We used two different datasets for our experimental tests. The first dataset is the Multi-camera Pedestrian Videos dataset, which has been created by the CVLAB from the EPFL [Reference Berclaz, Fleuret, Türetken and Fua26] and we therefore denote as CVLAB dataset. It contains different scenarios in which the scenes have been captured with several cameras. Since our algorithm is intended for being used in single-view scenarios, we created pixel-wise ground truth for six independent sequences from this dataset: campus4-c0, campus7-c1, laboratory4p-c0, laboratory6p-c1, terrace1-c0, and terrace2-c1. Thereby, the ground truth is available for every tenth frame of the first 1000 frames, respectively.

The second dataset is the Pedestrian Detection Dataset from changedetection.net [Reference Wang, Jodoin, Porikli, Konrad, Benezeth and Ishwar27], which we denote as CDNET dataset. It is a subset of their Dataset2014 dataset and contains ten different sequences: backdoor, busStation, copyMachine, cubicle, office, pedestrians, peopleInShade, PETS2006, skating, and sofa. They provide manually labeled pixel-wise ground truth for each sequence. However, they define temporal regions of interest (ROI) for the sequences, i.e., the ground truth is only available for a subset of frames, respectively. Furthermore, for sequence backdoor there is additionally defined a spatial ROI, i.e., only pedestrians inside of this ROI should be detected. The spatial and temporal ROI are also considered in our evaluation.

All test sequences have been encoded with FFmpeg 2.7.4 (libavcodec 56.41.100) [28] by using the included libx264 [29] library. Thereby, mainly default parameters have been used, except for the following parameters:

• – Profile: Baseline (BP), High (HP)

• – Level: 4.0

• – Group of Pictures (GOP) size: 50

• – Quantization Parameter (QP): 15, 20, 25, 30, 35

As a result, all 16 test sequences have been encoded with ten different configurations and therefore our test set contains 160 sequences.

C) Parameter optimization

As described in Section IV, our algorithm has several adjustable parameters. For finding optimized parameters for the given scenarios, we adopt the procedure described in our previous work in [Reference Laumer, Amon, Hutter and Kaup21]. There we used the c0 sequences from the CVLAB dataset and created 1944 test cases for each sequence. Only one parameter changed from test case to test case, which therefore covered all possible parameter combinations. The optimized parameters, as resulted from this analysis, have been the following: $w_{\rm base} = 1.0$ , d ₁=1.0, d ₂=1.0, a=2.5, b=2.5, n _p=2, n _s=2, σ=1.0, c ₁=1.0, and c ₂=1.0.

In this work, we repeat a part of this analysis.
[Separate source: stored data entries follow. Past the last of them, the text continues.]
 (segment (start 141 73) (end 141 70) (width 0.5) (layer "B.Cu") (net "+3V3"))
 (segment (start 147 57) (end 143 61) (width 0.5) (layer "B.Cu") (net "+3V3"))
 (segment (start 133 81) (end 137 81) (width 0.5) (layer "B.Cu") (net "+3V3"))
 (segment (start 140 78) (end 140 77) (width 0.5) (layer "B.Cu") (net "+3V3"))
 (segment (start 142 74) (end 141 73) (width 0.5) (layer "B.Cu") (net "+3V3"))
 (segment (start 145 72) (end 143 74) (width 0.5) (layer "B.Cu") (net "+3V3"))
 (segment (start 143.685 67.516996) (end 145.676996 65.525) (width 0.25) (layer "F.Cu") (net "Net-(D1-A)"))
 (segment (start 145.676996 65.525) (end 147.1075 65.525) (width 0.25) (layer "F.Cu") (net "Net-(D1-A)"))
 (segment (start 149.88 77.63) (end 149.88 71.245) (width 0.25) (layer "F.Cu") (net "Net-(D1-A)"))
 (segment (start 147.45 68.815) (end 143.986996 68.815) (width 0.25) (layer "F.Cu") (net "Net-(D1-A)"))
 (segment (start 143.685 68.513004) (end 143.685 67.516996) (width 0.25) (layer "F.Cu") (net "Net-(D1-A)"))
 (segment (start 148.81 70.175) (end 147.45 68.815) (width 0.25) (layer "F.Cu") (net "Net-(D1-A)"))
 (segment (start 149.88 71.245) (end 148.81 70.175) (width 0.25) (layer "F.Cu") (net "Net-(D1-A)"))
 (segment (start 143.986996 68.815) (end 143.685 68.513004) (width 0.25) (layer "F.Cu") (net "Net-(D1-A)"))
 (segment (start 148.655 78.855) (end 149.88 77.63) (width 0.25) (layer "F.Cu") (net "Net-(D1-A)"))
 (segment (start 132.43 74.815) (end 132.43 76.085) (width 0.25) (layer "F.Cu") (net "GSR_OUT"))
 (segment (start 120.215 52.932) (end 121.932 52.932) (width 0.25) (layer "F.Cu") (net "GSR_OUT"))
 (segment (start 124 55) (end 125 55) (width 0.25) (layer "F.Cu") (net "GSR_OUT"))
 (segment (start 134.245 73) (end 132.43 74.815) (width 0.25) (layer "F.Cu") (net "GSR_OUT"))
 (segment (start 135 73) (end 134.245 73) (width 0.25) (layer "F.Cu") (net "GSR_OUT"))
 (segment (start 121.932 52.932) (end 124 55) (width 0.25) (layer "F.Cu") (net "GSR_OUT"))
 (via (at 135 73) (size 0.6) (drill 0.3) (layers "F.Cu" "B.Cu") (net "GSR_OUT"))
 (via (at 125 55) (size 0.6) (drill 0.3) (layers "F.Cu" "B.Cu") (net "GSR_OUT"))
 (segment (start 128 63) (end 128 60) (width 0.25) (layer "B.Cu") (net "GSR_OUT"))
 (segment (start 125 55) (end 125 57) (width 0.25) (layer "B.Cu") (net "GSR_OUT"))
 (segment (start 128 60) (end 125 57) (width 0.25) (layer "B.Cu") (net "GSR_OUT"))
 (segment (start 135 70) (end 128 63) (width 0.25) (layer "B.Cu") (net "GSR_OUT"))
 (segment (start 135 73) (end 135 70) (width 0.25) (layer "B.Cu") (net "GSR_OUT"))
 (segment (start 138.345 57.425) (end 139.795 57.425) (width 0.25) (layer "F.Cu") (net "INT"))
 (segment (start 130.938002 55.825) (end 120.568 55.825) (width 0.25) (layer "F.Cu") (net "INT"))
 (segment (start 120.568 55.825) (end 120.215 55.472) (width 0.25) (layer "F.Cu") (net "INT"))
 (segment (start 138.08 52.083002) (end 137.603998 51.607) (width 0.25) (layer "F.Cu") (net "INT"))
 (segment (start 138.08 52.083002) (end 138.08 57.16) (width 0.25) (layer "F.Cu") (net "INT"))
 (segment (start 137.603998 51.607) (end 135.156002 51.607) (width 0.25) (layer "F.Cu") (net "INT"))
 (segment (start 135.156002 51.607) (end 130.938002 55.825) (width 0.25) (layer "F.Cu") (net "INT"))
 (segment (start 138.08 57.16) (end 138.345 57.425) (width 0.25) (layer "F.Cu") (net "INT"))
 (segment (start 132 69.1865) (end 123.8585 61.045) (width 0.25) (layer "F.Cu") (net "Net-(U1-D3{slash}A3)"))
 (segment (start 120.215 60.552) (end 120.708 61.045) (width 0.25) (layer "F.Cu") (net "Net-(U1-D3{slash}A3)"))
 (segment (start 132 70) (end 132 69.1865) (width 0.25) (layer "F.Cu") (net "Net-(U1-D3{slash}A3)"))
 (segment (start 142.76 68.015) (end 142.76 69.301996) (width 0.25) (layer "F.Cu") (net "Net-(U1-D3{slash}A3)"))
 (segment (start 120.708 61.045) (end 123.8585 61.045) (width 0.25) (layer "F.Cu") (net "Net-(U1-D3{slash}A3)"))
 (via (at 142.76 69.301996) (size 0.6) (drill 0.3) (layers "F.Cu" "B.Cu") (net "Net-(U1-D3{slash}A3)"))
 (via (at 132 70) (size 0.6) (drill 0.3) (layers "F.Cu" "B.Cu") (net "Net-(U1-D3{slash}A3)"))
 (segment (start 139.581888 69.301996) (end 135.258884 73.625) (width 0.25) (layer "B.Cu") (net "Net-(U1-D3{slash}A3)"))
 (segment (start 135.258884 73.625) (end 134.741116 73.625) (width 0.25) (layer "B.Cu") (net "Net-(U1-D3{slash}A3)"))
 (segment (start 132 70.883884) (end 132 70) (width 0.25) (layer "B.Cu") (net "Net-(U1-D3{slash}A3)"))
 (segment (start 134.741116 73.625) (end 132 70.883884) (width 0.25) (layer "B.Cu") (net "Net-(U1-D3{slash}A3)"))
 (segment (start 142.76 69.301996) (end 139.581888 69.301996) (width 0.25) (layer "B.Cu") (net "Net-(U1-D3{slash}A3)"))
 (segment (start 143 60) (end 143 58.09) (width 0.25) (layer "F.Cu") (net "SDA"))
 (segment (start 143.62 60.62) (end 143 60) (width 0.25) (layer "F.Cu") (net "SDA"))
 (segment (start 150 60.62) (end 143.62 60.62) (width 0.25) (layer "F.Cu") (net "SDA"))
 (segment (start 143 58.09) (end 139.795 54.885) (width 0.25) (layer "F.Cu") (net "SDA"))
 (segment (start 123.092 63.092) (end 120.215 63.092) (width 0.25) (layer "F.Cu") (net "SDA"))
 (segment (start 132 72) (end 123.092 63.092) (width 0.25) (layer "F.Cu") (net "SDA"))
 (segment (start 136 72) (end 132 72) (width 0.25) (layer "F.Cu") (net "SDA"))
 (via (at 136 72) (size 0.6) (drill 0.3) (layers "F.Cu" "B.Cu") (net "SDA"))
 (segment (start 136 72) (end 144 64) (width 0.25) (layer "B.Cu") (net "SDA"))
Thereby, we are changing the values of three parameters: σ∈{ off, 1.0, 2.0}, c ₁∈ {1.0, 1.5, 2.0}, and c ₂∈ {0.0, 1.0, 2.0}. All other parameters are fixed and set to the values mentioned above. As a difference to the previous procedure, we test all CVLAB sequences, including both profiles and all QP values, respectively. Furthermore, we test the single-step and the two-step modes. This results in 27 test cases for each sequence-profile-QP-mode combination and hence in 540 test cases for a single sequence.

Figure 4 shows ROC curves for some of the results of this analysis. Since each curve is composed of only 27 supporting points, they appear not very smooth. However, the figures show that our algorithm is able to achieve a high TPR while keeping the FPR low. The upper diagrams 4(a) and 4(b) show ROC curves of all CVLAB sequences tested with single-step and two-step mode, respectively. For the sake of clarity, only the results of the sequences encoded with QP=30 are shown. It can be seen that high TPR are achieved for all sequences. The only exception is sequence campus4-c0, in which several persons stop moving for several frames. Since these persons are then labeled as background, the TPR/recall drops for these frames. The lower diagrams 4(c) and 4(d) depict the results for sequence campus7-c1, including all encoder configurations. What stands out is that the algorithm basically works for every configuration, only low QP values let the FPR increase. This observation is discussed in the next subsection in detail.

Fig. 4. ROC curves of CVLAB test sequences. (BP: Baseline profile; HP: High profile; QP: quantization parameter). (a) CVLAB, single-step mode, QP 30. (b) CVLAB, two-step mode, QP 30. (c) campus7-c1, single-step mode. (d) campus7-c1, two-step mode.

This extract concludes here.